| Description of the task |
The answer should consist of each line from the data below that includes "footprint".

----- Stored data -----

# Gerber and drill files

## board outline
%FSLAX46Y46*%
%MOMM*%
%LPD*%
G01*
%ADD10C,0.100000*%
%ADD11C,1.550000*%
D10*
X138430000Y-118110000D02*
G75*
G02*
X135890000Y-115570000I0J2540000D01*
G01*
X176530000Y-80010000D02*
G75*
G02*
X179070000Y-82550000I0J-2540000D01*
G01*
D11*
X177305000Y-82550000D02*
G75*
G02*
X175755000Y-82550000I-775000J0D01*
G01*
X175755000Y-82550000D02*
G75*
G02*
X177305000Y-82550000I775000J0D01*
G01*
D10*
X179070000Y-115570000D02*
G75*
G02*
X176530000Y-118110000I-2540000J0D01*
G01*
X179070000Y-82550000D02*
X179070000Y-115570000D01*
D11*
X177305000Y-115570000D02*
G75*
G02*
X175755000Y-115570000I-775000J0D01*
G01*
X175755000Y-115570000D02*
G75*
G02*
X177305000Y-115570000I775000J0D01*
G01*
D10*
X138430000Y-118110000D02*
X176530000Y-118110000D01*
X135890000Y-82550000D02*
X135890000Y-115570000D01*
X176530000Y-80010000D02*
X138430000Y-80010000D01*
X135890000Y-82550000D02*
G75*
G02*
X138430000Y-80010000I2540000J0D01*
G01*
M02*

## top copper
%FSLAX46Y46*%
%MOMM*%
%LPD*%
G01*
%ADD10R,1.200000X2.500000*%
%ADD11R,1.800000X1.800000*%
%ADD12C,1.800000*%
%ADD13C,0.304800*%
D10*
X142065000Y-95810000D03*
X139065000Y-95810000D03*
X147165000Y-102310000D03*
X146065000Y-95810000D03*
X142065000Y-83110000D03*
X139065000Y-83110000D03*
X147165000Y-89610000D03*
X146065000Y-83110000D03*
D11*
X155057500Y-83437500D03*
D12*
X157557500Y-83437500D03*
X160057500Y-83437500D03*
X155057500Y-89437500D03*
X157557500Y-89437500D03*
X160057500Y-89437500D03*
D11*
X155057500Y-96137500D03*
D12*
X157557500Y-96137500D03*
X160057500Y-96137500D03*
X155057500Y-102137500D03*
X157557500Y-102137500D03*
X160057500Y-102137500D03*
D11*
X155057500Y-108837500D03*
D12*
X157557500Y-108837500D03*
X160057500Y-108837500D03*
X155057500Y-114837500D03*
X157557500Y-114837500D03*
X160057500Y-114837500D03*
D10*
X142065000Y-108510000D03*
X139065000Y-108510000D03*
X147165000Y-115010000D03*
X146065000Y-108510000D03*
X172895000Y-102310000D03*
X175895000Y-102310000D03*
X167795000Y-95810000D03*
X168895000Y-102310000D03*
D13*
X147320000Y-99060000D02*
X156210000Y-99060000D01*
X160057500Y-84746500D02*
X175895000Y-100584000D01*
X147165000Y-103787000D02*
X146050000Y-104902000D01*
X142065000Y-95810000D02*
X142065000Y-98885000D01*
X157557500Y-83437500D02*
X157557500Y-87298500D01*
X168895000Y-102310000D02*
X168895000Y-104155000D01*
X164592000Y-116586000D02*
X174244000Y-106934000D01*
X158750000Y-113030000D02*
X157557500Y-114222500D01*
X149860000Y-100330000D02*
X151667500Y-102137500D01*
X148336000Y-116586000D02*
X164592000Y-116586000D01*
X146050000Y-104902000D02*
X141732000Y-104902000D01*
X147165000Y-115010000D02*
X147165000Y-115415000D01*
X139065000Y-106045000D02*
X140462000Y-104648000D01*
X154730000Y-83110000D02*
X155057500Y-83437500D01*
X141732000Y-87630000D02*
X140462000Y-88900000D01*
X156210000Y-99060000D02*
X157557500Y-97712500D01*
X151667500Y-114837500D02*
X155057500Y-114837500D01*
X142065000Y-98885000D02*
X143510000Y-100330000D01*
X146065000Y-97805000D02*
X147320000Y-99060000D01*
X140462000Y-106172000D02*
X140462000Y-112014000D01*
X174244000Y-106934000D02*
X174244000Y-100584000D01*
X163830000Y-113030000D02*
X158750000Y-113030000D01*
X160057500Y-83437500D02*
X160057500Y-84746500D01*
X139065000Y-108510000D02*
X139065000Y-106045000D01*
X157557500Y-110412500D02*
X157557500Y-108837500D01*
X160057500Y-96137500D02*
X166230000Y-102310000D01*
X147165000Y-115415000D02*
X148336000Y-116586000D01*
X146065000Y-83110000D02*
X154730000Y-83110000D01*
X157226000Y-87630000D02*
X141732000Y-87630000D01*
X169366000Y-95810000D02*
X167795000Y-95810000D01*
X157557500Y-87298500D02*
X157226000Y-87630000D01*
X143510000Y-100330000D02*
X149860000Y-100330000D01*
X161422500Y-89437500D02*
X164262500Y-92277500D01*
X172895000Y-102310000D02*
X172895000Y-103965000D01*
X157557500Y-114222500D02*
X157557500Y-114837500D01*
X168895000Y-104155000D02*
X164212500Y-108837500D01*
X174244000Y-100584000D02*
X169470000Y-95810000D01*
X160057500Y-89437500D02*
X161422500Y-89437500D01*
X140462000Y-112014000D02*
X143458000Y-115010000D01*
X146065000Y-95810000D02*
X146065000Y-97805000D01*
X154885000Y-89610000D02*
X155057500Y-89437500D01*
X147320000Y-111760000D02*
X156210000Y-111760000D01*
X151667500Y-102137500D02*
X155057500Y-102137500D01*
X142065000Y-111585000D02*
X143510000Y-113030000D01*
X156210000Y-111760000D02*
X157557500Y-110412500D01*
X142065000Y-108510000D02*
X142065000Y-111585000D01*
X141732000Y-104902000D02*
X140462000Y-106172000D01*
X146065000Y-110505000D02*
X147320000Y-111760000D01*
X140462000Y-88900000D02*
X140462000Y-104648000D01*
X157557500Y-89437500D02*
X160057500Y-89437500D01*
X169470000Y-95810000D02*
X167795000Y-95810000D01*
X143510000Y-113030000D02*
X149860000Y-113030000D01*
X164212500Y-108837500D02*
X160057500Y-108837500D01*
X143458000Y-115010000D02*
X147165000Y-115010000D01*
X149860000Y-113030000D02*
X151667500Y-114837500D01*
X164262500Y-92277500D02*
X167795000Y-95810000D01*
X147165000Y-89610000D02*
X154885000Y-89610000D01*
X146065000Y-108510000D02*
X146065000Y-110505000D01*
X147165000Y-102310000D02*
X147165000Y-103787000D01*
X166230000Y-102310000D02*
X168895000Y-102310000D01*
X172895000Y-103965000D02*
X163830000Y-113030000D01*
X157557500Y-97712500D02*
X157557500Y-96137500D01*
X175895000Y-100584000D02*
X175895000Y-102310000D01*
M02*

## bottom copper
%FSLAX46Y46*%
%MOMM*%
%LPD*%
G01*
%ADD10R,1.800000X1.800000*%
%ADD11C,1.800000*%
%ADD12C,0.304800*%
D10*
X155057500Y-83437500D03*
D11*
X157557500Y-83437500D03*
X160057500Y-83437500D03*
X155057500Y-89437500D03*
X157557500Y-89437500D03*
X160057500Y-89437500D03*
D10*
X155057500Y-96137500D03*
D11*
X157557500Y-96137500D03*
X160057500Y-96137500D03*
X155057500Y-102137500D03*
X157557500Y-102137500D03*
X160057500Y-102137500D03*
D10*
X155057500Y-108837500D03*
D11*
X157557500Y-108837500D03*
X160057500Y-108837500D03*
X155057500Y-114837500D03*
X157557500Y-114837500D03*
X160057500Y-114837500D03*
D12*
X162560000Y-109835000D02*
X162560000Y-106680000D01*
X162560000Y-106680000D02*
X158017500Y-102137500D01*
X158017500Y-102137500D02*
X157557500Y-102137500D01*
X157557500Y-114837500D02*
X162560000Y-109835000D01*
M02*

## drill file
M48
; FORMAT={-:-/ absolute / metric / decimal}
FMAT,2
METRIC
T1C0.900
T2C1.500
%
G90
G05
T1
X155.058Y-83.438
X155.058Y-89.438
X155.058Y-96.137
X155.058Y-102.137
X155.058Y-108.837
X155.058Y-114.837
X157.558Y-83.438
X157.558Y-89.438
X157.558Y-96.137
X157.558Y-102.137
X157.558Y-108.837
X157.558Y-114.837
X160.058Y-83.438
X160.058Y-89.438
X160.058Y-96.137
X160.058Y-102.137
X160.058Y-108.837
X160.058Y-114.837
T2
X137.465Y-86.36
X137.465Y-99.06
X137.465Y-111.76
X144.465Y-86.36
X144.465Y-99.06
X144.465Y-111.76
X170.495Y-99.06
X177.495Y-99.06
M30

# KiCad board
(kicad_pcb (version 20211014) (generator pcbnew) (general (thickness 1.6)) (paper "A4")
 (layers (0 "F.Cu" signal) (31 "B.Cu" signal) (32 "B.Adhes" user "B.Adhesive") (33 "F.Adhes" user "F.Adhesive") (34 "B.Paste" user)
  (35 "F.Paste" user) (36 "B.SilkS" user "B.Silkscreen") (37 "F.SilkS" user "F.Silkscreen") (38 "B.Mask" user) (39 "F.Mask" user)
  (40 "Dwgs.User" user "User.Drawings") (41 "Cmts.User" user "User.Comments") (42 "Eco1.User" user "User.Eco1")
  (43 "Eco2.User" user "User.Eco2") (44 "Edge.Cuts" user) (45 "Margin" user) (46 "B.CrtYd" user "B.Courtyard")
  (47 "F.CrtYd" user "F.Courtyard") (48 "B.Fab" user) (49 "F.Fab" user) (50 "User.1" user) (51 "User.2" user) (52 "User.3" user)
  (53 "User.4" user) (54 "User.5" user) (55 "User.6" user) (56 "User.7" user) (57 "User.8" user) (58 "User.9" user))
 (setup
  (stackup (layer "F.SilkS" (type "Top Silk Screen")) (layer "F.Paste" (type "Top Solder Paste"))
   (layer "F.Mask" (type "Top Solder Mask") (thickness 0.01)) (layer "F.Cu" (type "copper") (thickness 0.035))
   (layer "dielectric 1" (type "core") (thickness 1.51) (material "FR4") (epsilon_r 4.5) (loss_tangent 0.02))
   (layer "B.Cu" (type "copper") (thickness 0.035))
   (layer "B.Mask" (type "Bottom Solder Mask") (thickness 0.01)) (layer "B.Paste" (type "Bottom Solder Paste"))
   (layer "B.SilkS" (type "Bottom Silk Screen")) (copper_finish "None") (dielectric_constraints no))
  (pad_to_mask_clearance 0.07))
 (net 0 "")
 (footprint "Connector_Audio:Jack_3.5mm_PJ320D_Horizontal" (layer "F.Cu") (at 142.24 99.06)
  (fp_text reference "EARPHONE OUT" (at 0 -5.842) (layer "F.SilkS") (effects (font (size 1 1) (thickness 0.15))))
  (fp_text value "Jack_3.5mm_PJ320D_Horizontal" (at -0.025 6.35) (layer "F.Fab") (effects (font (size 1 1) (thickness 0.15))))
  (pad "" np_thru_hole circle (at -4.775 0) (size 1.5 1.5) (drill 1.5) (layers *.Cu *.Mask))
  (pad "" np_thru_hole circle (at 2.225 0) (size 1.5 1.5) (drill 1.5) (layers *.Cu *.Mask))
  (pad "R1" smd rect (at -0.175 -3.25) (size 1.2 2.5) (layers "F.Cu" "F.Paste" "F.Mask"))
  (pad "R2" smd rect (at -3.175 -3.25) (size 1.2 2.5) (layers "F.Cu" "F.Paste" "F.Mask"))
  (pad "S" smd rect (at 4.925 3.25) (size 1.2 2.5) (layers "F.Cu" "F.Paste" "F.Mask"))
  (pad "T" smd rect (at 3.825 -3.25) (size 1.2 2.5) (layers "F.Cu" "F.Paste" "F.Mask")))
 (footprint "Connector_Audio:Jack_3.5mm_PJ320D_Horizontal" (layer "F.Cu") (at 142.24 86.36)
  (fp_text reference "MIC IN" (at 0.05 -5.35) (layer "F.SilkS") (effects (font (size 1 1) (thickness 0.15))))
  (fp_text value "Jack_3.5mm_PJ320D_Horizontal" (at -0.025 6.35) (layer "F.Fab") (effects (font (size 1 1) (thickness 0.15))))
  (pad "" np_thru_hole circle (at 2.225 0) (size 1.5 1.5) (drill 1.5) (layers *.Cu *.Mask))
  (pad "" np_thru_hole circle (at -4.775 0) (size 1.5 1.5) (drill 1.5) (layers *.Cu *.Mask))
  (pad "R1" smd rect (at -0.175 -3.25) (size 1.2 2.5) (layers "F.Cu" "F.Paste" "F.Mask"))
  (pad "R2" smd rect (at -3.175 -3.25) (size 1.2 2.5) (layers "F.Cu" "F.Paste" "F.Mask"))
  (pad "S" smd rect (at 4.925 3.25) (size 1.2 2.5) (layers "F.Cu" "F.Paste" "F.Mask"))
  (pad "T" smd rect (at 3.825 -3.25) (size 1.2 2.5) (layers "F.Cu" "F.Paste" "F.Mask")))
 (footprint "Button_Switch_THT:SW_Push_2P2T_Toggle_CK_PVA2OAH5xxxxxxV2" (layer "F.Cu") (at 155.0575 83.4375)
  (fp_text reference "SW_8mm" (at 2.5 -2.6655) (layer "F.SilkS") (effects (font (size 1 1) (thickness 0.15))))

-----

| Task answer |
 (footprint "Connector_Audio:Jack_3.5mm_PJ320D_Horizontal" (layer "F.Cu") (at 142.24 99.06)
 (footprint "Connector_Audio:Jack_3.5mm_PJ320D_Horizontal" (layer "F.Cu") (at 142.24 86.36)
 (footprint "Button_Switch_THT:SW_Push_2P2T_Toggle_CK_PVA2OAH5xxxxxxV2" (layer "F.Cu") (at 155.0575 83.4375)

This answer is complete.